» **Problem to work on**: Please check every line of the listing for "Courtyard" and copy each line where it is found.

►

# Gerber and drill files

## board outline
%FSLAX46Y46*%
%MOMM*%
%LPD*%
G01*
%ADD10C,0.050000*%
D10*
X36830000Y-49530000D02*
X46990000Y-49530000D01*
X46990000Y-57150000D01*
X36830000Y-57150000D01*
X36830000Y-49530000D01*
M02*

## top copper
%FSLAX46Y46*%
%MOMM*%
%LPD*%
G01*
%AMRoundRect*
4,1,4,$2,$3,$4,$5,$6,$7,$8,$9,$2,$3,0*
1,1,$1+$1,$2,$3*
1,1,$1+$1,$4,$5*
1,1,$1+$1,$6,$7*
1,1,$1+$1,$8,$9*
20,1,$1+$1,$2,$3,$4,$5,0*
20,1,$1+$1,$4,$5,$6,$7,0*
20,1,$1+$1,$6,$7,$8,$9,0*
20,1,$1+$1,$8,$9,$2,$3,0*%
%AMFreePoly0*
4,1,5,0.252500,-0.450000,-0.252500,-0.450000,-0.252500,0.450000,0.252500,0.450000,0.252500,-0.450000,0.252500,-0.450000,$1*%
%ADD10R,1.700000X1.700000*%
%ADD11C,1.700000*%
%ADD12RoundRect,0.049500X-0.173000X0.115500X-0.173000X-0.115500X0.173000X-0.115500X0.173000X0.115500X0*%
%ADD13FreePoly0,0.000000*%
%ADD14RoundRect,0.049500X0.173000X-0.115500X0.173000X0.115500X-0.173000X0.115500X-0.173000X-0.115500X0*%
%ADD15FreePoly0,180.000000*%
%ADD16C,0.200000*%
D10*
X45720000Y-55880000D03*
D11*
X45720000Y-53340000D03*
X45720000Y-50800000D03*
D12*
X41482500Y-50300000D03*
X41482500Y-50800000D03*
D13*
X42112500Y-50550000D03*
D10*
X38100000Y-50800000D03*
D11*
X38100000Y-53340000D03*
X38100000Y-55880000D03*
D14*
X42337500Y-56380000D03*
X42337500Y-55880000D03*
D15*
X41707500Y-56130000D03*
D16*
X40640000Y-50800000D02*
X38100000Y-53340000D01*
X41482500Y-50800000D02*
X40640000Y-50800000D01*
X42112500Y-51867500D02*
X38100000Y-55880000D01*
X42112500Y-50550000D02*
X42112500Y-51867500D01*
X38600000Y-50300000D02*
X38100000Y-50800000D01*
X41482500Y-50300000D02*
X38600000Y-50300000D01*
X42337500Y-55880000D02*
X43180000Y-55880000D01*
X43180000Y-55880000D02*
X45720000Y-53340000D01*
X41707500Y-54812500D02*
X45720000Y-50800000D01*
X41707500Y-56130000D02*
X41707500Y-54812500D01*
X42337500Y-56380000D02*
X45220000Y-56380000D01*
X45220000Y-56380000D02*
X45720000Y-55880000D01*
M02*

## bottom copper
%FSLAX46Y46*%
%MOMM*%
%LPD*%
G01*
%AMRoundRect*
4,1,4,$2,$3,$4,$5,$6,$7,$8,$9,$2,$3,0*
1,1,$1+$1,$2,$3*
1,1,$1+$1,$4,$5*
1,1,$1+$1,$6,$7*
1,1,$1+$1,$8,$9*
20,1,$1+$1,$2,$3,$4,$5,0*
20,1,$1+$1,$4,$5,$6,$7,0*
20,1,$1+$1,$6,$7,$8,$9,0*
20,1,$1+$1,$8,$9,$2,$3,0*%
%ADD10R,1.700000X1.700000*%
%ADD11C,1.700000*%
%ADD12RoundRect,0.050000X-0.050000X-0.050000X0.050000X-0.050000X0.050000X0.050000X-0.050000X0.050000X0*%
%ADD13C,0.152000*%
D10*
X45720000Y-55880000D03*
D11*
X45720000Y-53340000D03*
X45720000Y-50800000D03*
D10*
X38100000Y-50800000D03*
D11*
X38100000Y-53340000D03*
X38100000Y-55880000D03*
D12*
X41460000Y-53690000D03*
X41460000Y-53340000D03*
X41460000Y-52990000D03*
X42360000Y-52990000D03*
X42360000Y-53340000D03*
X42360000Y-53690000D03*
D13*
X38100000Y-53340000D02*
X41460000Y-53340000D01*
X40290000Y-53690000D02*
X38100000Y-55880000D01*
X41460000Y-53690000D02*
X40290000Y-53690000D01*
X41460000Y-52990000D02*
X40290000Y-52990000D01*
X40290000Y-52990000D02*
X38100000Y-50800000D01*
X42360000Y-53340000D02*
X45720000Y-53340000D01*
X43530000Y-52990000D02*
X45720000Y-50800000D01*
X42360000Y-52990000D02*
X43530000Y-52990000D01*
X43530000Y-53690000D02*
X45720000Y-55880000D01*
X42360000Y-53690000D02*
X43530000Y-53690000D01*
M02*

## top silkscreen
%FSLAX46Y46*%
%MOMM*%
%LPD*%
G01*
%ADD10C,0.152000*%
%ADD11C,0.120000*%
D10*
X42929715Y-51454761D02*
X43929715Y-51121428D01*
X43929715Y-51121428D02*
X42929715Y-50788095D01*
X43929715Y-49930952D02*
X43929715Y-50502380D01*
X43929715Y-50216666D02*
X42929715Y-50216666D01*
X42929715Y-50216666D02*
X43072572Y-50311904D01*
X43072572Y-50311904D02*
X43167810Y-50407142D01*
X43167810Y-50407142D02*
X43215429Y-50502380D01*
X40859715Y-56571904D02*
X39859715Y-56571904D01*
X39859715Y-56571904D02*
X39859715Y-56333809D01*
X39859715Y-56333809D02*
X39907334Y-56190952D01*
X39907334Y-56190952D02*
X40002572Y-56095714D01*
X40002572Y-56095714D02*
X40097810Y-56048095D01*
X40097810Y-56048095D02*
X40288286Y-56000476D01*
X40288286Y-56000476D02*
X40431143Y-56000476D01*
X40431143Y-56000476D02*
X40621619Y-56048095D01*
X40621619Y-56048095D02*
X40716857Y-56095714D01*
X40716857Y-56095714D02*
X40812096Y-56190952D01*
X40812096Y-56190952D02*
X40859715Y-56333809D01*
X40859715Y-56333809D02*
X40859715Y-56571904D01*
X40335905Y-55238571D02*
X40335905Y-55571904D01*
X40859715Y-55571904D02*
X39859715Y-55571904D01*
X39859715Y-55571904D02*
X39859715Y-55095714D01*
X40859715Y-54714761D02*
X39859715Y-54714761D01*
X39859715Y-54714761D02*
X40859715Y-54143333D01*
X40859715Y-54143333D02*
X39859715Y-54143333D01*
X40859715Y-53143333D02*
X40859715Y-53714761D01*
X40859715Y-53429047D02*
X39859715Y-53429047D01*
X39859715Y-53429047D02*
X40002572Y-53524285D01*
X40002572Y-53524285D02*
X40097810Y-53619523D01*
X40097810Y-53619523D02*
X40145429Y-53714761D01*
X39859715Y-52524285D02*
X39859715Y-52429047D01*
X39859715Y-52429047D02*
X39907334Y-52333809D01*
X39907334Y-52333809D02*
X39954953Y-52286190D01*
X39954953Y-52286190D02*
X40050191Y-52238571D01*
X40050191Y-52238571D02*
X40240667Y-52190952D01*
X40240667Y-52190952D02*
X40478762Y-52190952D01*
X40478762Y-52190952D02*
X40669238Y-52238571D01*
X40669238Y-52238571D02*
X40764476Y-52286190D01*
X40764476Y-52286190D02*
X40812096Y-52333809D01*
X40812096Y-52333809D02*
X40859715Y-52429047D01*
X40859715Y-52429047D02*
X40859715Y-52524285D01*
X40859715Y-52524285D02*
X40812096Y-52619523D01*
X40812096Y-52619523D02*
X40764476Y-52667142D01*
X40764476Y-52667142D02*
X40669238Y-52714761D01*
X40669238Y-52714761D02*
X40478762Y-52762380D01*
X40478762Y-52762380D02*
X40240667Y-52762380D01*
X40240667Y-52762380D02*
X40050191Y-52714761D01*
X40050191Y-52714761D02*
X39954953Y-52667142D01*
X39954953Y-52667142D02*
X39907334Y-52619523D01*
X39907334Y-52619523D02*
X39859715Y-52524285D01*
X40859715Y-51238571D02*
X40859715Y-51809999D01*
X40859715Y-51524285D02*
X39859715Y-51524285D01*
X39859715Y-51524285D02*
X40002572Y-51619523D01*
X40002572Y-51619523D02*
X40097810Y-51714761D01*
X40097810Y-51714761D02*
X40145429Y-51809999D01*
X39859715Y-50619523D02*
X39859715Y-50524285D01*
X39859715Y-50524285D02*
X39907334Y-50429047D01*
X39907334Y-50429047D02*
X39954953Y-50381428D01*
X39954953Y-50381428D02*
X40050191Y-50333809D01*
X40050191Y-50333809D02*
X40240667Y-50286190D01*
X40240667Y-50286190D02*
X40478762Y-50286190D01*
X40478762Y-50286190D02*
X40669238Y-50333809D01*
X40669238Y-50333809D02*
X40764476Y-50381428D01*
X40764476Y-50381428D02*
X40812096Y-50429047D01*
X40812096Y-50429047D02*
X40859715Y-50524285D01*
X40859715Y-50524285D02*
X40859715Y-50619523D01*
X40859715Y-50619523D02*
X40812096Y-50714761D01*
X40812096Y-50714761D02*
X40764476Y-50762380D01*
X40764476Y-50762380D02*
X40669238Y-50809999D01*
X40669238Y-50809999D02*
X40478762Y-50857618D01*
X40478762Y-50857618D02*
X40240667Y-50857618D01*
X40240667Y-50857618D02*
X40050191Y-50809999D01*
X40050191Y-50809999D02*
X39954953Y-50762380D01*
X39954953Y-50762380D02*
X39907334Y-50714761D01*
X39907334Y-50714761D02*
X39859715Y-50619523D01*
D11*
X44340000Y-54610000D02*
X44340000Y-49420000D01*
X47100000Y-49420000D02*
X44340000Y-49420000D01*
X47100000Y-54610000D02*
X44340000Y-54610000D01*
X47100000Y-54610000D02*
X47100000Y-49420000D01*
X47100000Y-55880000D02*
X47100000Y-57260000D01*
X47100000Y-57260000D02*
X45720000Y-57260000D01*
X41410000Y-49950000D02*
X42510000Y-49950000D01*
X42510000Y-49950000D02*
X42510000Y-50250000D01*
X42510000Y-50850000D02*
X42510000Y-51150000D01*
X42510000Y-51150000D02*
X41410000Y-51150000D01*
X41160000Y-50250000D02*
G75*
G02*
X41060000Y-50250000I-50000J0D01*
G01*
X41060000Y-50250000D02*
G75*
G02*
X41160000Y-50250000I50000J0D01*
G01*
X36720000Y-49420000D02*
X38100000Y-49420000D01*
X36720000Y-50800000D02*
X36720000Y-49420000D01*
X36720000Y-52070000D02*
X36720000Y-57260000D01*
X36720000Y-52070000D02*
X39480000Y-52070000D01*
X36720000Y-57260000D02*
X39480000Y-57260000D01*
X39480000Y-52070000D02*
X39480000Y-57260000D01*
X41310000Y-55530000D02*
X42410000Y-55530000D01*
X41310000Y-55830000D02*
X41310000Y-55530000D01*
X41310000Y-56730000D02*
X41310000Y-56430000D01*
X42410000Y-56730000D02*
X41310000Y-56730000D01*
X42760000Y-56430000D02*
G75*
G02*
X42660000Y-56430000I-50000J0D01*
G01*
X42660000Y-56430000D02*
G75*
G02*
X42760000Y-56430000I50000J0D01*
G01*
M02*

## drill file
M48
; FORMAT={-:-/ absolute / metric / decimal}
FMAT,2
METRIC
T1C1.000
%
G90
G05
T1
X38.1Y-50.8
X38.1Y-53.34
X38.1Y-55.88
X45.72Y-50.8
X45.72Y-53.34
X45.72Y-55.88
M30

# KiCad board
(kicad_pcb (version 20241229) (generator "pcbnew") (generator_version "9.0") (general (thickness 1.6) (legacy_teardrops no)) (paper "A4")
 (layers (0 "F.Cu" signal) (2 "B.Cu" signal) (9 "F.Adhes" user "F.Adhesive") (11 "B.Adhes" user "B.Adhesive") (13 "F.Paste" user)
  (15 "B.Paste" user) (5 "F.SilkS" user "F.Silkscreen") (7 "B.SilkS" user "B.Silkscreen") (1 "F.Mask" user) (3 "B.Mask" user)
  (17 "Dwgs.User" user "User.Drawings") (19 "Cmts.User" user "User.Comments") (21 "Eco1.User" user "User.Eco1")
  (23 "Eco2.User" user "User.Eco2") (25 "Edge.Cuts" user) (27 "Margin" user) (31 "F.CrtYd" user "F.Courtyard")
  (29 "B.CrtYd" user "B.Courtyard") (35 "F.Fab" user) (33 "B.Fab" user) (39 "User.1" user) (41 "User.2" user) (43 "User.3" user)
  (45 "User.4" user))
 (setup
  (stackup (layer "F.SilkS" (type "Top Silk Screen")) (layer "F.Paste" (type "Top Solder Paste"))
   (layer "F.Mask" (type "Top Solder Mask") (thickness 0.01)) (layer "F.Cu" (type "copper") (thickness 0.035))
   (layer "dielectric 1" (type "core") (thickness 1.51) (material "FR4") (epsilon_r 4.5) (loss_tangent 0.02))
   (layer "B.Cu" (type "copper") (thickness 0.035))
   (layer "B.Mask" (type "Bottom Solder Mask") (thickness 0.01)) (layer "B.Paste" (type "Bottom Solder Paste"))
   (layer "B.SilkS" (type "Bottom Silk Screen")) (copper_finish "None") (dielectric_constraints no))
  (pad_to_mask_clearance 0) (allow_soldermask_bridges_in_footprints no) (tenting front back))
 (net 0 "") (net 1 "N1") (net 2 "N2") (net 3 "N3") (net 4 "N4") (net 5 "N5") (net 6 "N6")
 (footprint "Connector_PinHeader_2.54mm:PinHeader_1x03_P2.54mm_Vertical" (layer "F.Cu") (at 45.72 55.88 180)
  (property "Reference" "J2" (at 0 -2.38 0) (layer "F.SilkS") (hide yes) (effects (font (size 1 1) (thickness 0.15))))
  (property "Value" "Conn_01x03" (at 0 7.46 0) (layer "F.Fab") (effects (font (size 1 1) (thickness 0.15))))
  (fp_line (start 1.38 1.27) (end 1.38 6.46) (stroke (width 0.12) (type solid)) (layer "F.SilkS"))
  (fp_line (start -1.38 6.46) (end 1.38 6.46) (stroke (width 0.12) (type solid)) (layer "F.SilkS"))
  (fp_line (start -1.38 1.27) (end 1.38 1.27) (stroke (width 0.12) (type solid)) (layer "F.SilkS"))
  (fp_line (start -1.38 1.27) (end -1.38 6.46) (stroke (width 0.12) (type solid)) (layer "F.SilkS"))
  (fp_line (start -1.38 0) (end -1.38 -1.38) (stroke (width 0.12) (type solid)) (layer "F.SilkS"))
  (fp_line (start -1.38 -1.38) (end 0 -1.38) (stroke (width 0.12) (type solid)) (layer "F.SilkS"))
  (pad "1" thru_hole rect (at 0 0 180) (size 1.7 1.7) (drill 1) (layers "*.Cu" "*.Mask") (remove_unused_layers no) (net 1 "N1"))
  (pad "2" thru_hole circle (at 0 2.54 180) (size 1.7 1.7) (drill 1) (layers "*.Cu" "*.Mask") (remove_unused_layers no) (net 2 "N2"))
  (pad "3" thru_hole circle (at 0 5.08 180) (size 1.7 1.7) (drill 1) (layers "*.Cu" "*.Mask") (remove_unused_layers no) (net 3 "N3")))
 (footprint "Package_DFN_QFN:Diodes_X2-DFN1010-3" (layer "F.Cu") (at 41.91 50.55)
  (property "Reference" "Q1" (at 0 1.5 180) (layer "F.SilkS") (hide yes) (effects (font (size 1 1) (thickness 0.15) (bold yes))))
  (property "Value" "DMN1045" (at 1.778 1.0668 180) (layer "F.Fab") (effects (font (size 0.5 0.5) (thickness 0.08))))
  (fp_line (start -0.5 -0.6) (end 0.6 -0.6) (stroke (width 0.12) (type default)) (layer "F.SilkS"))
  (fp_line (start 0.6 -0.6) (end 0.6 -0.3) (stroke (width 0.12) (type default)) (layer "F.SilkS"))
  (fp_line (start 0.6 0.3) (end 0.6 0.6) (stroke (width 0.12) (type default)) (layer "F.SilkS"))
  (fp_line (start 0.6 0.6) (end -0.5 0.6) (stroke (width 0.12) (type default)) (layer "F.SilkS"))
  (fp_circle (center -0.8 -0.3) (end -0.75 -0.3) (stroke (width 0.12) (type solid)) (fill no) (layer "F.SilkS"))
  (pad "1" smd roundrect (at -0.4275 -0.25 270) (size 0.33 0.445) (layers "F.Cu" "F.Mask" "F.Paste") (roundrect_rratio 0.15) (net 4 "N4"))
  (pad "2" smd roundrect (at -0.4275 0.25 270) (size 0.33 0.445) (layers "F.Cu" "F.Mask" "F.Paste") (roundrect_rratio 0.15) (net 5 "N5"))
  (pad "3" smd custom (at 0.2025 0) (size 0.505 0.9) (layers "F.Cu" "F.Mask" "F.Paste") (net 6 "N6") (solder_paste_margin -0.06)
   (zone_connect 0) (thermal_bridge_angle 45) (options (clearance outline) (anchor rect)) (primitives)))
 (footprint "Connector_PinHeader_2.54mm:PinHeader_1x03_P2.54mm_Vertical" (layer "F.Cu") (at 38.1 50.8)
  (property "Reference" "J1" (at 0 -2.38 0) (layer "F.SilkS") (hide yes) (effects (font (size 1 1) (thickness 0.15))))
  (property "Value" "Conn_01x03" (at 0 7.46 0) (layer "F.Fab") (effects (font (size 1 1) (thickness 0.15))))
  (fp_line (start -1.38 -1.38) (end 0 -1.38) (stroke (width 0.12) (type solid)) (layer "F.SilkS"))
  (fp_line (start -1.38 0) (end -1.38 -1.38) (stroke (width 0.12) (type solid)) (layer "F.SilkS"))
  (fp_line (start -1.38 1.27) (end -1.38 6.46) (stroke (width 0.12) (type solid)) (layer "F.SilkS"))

◄

» **Your response**:
  (23 "Eco2.User" user "User.Eco2") (25 "Edge.Cuts" user) (27 "Margin" user) (31 "F.CrtYd" user "F.Courtyard")
  (29 "B.CrtYd" user "B.Courtyard") (35 "F.Fab" user) (33 "B.Fab" user) (39 "User.1" user) (41 "User.2" user) (43 "User.3" user)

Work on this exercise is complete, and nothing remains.